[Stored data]
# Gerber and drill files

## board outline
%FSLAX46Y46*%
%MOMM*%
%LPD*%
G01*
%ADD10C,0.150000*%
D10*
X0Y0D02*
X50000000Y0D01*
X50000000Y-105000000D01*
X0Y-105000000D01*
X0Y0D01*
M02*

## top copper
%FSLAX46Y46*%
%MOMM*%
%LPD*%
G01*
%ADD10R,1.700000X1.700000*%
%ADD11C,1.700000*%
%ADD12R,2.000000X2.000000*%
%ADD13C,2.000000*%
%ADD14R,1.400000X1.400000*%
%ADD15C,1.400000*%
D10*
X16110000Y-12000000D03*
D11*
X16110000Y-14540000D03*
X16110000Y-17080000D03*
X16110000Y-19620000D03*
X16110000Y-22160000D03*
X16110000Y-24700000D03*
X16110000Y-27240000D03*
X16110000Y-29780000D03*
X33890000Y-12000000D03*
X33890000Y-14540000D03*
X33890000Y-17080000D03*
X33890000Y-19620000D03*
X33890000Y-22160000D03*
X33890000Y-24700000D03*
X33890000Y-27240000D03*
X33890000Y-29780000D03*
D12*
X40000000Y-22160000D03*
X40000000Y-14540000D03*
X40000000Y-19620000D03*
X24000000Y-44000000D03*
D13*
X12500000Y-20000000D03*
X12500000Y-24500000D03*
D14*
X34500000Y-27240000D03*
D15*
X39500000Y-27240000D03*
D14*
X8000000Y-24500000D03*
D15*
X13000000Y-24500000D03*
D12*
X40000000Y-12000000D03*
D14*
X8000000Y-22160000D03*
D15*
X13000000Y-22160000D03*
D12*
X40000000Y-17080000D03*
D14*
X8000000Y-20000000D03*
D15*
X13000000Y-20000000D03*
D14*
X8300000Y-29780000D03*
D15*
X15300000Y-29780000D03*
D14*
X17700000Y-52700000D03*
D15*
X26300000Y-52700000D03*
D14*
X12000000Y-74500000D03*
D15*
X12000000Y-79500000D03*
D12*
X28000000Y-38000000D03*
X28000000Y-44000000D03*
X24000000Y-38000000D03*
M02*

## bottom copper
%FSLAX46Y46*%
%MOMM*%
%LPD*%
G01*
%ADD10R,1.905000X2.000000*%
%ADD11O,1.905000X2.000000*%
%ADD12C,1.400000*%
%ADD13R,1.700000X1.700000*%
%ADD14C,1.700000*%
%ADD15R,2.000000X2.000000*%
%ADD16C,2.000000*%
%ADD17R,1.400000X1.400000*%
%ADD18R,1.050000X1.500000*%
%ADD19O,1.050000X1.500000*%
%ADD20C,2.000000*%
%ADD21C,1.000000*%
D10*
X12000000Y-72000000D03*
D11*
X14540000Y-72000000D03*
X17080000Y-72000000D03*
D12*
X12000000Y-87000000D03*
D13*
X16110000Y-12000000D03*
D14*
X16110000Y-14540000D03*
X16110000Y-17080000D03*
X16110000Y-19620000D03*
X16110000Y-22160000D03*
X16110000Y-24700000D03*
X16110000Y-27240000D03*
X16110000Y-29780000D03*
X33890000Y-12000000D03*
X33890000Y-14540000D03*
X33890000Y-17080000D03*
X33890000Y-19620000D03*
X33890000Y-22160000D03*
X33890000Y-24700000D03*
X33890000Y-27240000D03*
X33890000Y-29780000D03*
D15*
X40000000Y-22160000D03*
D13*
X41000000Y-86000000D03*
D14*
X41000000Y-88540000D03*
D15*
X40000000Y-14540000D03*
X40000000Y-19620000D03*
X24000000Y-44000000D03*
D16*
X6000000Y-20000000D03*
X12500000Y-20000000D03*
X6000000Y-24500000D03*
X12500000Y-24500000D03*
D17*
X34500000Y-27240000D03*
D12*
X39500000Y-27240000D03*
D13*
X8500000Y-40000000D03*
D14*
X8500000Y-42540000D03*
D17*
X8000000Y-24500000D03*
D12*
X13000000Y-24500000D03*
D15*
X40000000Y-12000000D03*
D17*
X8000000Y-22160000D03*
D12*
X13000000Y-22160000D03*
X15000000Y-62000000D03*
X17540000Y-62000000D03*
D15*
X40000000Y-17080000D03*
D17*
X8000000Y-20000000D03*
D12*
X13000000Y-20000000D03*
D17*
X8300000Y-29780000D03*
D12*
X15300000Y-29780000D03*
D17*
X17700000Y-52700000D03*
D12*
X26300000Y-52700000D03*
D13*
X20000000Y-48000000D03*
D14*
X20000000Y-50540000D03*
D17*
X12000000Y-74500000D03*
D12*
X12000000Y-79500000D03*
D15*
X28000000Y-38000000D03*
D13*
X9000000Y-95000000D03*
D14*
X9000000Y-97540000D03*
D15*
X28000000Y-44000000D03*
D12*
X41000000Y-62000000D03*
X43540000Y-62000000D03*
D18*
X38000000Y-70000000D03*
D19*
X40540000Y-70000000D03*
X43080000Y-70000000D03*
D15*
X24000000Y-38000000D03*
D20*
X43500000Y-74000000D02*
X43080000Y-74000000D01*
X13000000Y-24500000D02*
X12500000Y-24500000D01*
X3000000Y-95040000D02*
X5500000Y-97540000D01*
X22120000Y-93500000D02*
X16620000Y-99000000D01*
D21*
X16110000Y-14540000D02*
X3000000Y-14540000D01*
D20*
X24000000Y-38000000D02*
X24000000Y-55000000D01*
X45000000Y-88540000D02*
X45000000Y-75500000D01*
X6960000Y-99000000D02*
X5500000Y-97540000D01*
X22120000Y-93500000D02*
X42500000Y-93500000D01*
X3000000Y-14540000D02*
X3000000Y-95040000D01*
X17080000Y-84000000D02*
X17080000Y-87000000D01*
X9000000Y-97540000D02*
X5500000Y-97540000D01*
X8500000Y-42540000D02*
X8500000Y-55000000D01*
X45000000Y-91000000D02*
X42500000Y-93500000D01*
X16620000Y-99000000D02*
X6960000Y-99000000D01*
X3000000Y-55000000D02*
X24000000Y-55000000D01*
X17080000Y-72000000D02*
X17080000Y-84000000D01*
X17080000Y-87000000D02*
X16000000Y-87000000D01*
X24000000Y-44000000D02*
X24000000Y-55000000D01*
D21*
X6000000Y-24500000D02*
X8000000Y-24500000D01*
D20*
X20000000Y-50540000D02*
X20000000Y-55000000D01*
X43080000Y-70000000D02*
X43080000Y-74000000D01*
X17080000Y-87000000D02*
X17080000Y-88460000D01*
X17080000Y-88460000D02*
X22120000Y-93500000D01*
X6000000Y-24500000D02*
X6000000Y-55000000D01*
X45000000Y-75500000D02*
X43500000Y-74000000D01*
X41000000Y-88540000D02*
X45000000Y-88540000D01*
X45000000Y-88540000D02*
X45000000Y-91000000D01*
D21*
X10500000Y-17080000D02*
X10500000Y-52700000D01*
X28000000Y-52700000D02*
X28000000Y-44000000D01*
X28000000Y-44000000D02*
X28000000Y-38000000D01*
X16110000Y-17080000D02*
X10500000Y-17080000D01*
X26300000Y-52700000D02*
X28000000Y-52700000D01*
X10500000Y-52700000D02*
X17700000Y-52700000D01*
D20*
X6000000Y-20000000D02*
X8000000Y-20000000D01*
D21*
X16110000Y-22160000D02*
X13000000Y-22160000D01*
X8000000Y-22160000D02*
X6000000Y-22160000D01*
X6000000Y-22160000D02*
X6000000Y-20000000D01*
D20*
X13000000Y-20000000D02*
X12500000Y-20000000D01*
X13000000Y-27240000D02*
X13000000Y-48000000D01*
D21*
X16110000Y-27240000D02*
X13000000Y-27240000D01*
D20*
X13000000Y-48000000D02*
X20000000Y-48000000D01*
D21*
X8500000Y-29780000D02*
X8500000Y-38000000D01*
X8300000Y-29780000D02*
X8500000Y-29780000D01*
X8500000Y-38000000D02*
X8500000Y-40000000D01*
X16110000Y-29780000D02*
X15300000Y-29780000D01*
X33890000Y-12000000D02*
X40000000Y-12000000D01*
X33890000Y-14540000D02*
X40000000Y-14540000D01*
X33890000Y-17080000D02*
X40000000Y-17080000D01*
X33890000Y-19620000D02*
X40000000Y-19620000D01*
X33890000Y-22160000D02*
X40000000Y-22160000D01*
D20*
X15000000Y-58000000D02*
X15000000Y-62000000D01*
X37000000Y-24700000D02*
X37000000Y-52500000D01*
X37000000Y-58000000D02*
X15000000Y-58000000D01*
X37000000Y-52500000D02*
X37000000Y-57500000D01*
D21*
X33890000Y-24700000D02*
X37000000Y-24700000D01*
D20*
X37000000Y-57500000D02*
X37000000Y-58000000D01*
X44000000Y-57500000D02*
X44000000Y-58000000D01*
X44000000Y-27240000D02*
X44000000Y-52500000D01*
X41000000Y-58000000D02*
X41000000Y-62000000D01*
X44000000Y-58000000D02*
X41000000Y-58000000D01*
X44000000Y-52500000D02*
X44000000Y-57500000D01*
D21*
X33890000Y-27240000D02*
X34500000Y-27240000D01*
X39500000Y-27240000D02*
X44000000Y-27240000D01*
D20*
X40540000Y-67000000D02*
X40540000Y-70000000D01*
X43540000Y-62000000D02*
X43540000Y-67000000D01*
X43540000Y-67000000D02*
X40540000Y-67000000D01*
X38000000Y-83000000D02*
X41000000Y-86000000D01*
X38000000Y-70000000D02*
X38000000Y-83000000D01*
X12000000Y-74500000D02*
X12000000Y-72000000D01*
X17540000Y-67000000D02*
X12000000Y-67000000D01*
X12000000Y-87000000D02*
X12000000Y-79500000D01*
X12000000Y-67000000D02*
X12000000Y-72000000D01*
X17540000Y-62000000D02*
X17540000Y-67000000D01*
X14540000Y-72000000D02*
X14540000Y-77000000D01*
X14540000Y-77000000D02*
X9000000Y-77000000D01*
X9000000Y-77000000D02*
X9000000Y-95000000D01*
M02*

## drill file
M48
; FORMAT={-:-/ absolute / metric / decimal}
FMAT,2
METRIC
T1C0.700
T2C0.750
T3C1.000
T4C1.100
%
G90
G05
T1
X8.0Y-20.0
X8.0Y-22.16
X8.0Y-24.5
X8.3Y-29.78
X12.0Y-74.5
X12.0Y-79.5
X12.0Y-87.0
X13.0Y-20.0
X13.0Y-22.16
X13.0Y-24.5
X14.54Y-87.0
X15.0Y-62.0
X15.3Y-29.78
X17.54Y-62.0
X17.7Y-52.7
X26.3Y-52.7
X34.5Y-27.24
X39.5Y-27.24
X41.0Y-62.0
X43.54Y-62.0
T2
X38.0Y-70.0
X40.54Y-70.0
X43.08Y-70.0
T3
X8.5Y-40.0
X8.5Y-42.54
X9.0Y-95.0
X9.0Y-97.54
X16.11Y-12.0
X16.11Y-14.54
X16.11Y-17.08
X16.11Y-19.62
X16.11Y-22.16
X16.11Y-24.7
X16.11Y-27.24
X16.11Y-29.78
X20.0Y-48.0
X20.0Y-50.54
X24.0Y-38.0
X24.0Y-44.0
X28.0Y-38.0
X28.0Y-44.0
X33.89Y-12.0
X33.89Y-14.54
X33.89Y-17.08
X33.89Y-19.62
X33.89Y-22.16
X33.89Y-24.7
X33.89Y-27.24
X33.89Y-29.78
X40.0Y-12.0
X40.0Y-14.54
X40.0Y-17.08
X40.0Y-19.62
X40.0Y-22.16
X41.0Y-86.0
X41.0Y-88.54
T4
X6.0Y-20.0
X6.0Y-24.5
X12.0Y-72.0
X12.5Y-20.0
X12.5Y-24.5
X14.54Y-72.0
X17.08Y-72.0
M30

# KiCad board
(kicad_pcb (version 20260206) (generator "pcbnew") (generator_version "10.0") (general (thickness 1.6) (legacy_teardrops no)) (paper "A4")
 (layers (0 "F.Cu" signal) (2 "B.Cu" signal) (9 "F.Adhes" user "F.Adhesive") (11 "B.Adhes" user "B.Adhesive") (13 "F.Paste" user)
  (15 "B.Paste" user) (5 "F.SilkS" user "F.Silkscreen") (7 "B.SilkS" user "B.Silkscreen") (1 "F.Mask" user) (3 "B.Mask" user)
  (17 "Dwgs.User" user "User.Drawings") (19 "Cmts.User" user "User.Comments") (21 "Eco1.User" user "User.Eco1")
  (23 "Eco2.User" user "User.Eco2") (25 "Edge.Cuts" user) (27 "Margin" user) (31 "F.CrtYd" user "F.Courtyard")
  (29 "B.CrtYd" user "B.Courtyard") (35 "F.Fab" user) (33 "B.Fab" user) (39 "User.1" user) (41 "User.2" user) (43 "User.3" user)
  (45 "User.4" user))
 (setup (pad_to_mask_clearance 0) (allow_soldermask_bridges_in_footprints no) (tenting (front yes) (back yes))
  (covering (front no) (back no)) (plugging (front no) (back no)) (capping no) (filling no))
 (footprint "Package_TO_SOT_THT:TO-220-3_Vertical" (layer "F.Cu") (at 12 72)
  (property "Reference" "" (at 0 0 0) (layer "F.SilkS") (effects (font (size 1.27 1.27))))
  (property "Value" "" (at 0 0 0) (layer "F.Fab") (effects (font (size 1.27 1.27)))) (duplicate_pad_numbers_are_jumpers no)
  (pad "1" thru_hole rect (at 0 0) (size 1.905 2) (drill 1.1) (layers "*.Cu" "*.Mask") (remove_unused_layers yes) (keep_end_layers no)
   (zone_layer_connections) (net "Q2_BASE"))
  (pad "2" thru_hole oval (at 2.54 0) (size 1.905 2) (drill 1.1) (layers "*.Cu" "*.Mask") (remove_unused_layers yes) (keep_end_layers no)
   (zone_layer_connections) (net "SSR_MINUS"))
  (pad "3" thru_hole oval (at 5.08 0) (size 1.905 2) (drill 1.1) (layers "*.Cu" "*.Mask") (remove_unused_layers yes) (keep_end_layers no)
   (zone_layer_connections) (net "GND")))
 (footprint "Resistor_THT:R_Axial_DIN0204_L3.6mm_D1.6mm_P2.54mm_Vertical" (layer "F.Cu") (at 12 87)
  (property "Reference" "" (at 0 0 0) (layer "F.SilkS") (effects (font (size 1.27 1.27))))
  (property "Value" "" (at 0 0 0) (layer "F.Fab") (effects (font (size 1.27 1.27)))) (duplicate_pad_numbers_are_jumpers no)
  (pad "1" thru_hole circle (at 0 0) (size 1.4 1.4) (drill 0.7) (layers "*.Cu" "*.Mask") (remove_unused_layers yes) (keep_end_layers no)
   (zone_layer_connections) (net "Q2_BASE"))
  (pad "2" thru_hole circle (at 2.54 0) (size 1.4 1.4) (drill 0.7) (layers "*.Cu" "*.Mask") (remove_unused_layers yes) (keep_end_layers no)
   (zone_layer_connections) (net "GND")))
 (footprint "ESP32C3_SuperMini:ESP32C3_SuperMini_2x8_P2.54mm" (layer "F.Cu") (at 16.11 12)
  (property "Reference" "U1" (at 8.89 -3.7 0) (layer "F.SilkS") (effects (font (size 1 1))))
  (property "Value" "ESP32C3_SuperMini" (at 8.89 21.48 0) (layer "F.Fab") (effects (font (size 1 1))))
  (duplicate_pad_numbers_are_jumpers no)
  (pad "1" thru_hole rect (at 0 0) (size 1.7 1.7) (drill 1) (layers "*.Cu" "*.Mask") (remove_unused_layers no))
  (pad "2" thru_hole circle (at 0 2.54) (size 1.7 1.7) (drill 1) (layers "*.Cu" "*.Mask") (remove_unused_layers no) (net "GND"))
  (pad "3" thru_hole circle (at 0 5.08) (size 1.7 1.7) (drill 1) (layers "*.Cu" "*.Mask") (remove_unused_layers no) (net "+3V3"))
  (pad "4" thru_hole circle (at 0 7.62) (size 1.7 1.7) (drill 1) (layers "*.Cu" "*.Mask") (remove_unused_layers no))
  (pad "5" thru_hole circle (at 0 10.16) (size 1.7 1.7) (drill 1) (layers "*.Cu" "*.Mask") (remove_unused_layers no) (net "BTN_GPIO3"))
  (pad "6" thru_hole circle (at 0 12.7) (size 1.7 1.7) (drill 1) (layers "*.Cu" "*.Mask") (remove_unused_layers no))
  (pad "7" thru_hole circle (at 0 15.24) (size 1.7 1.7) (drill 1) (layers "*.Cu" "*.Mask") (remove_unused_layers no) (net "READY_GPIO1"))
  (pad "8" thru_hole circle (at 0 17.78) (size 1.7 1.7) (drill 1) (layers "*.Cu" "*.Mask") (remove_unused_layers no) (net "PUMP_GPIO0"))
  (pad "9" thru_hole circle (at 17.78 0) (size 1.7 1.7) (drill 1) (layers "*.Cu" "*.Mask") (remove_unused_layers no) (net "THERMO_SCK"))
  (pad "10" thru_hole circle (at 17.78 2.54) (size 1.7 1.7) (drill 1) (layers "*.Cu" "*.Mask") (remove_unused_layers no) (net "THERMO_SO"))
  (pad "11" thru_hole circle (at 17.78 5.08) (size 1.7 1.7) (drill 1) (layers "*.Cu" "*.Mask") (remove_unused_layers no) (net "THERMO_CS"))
---
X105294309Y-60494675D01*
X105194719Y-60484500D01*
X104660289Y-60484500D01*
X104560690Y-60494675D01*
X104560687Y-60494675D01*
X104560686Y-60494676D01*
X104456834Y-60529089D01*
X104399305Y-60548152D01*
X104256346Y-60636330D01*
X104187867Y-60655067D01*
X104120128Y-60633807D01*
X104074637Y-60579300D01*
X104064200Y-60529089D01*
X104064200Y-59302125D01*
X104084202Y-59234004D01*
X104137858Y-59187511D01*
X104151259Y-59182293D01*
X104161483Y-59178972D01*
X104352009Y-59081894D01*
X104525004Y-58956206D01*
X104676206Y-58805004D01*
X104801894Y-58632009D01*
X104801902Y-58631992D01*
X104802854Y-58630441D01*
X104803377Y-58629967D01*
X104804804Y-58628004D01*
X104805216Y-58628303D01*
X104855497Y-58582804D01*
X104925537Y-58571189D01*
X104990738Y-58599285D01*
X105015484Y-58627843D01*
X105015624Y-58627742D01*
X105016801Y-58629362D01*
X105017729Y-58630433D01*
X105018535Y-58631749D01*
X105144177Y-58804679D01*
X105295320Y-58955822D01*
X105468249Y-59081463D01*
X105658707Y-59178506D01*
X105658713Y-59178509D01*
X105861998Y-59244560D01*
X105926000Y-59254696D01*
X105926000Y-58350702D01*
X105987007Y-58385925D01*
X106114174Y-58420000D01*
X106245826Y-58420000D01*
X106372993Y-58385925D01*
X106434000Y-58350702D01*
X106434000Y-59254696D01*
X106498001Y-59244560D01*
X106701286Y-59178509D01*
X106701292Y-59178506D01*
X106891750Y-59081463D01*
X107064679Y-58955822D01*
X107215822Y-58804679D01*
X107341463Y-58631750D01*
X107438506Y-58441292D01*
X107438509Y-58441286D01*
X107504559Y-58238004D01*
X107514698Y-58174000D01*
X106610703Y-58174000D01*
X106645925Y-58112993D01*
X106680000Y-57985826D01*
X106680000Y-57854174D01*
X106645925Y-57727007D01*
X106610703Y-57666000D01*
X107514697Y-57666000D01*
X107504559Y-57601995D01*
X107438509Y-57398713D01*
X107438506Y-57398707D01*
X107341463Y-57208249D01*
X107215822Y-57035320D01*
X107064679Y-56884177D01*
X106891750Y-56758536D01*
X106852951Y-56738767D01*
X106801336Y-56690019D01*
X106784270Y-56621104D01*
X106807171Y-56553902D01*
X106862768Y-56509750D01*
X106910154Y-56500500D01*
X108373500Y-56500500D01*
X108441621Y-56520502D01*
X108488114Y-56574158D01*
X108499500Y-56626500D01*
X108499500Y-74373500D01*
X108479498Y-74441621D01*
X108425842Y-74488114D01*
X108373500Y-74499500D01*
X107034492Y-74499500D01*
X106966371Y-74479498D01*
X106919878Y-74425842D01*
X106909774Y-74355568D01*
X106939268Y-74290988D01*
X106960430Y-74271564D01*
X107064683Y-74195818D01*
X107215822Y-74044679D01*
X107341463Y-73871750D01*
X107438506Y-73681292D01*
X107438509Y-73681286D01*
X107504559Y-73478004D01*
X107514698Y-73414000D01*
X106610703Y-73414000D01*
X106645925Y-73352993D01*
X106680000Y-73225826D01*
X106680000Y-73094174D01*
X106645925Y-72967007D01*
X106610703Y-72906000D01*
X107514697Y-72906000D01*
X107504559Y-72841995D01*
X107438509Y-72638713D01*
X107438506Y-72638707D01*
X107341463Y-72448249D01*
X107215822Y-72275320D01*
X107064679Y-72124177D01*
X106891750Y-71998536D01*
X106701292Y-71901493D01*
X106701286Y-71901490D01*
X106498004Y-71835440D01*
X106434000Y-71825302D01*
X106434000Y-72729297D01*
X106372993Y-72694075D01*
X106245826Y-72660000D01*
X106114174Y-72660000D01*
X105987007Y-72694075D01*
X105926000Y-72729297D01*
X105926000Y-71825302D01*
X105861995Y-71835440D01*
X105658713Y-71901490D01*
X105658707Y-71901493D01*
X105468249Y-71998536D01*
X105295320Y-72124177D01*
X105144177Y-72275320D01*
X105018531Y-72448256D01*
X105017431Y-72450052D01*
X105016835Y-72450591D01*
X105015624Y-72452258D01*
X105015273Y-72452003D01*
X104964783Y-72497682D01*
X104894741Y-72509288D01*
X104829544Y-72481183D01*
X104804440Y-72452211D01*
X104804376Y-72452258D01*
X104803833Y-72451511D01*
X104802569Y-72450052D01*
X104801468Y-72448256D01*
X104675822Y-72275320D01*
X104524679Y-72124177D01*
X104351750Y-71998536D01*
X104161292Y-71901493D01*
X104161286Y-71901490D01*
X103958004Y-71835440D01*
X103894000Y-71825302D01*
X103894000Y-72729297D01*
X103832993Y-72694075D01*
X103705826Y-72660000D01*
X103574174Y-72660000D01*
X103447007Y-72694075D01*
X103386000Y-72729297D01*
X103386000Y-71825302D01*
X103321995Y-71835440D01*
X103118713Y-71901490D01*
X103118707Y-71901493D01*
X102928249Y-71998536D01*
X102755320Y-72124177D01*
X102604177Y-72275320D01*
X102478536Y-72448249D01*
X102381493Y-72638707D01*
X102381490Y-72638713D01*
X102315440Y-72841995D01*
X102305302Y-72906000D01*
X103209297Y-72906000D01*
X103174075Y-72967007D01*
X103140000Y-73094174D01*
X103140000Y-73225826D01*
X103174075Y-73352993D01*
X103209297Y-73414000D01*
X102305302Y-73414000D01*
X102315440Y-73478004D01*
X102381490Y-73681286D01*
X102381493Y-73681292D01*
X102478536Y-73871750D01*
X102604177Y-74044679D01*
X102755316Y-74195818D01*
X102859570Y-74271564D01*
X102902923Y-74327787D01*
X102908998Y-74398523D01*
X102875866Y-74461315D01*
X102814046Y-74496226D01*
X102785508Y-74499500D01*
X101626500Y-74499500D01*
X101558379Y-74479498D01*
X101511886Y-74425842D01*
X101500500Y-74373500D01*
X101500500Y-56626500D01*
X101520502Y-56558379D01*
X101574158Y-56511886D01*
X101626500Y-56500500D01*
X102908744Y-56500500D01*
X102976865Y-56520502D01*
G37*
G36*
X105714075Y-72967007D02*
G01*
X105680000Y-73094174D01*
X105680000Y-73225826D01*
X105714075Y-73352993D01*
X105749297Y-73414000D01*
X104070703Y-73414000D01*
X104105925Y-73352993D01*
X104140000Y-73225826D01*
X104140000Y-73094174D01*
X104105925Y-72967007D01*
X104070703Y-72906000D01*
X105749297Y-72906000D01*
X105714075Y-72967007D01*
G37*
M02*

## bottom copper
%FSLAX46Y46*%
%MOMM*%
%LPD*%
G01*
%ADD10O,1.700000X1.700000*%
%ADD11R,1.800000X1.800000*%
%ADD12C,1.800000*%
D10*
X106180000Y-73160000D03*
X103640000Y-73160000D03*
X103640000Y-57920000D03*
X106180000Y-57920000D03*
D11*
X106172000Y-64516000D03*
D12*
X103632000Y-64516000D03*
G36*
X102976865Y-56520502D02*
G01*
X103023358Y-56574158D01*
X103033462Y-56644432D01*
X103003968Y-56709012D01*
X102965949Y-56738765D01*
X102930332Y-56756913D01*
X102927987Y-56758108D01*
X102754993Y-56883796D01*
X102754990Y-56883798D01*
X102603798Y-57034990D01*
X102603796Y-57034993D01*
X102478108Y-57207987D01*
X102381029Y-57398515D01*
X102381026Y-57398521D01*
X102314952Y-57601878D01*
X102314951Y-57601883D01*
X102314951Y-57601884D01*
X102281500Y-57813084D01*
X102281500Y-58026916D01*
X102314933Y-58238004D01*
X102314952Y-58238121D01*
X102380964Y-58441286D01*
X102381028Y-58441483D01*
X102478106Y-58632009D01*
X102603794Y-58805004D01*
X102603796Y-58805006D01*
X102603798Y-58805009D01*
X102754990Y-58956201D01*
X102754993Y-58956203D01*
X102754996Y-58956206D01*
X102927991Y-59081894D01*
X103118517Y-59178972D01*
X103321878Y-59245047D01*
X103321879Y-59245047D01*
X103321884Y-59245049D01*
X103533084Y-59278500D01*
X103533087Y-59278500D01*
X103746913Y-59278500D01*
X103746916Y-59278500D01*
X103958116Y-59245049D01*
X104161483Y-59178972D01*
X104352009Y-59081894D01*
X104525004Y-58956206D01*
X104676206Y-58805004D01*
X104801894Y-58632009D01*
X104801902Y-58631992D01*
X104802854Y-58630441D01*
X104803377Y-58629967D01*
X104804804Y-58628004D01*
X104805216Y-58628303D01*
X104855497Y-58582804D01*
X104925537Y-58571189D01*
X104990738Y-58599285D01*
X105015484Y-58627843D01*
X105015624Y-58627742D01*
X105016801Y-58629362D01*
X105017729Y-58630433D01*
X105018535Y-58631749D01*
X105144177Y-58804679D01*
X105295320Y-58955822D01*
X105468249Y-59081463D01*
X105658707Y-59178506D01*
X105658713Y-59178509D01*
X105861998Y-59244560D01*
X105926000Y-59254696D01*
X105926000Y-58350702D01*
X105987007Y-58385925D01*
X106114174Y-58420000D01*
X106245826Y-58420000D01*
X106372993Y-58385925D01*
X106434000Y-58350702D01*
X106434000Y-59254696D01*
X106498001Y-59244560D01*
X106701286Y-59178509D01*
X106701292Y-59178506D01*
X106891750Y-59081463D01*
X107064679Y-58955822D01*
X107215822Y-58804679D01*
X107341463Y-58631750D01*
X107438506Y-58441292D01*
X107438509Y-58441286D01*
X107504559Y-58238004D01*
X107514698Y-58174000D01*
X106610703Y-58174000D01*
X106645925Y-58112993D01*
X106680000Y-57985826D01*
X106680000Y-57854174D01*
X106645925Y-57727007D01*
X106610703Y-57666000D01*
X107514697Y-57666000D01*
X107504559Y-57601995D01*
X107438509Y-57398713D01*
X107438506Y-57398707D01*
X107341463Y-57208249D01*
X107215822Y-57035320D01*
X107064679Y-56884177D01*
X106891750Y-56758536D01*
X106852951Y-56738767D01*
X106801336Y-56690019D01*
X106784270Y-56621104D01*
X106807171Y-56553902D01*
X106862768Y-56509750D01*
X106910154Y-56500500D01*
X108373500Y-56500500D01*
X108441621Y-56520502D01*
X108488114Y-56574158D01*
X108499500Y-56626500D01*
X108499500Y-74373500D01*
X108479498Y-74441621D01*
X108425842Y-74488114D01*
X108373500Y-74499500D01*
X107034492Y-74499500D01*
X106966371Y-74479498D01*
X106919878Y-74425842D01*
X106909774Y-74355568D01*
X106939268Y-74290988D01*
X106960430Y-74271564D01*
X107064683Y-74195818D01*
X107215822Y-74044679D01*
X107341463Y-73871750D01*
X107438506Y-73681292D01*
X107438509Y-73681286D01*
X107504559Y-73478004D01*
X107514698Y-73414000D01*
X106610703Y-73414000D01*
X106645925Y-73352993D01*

* _ACTIVITY_
Search the entries for the word "SilkS", then list each line that holds it.

* _COMPLETED TASK_
  (15 "B.Paste" user) (5 "F.SilkS" user "F.Silkscreen") (7 "B.SilkS" user "B.Silkscreen") (1 "F.Mask" user) (3 "B.Mask" user)
  (property "Reference" "" (at 0 0 0) (layer "F.SilkS") (effects (font (size 1.27 1.27))))
  (property "Reference" "" (at 0 0 0) (layer "F.SilkS") (effects (font (size 1.27 1.27))))
  (property "Reference" "U1" (at 8.89 -3.7 0) (layer "F.SilkS") (effects (font (size 1 1))))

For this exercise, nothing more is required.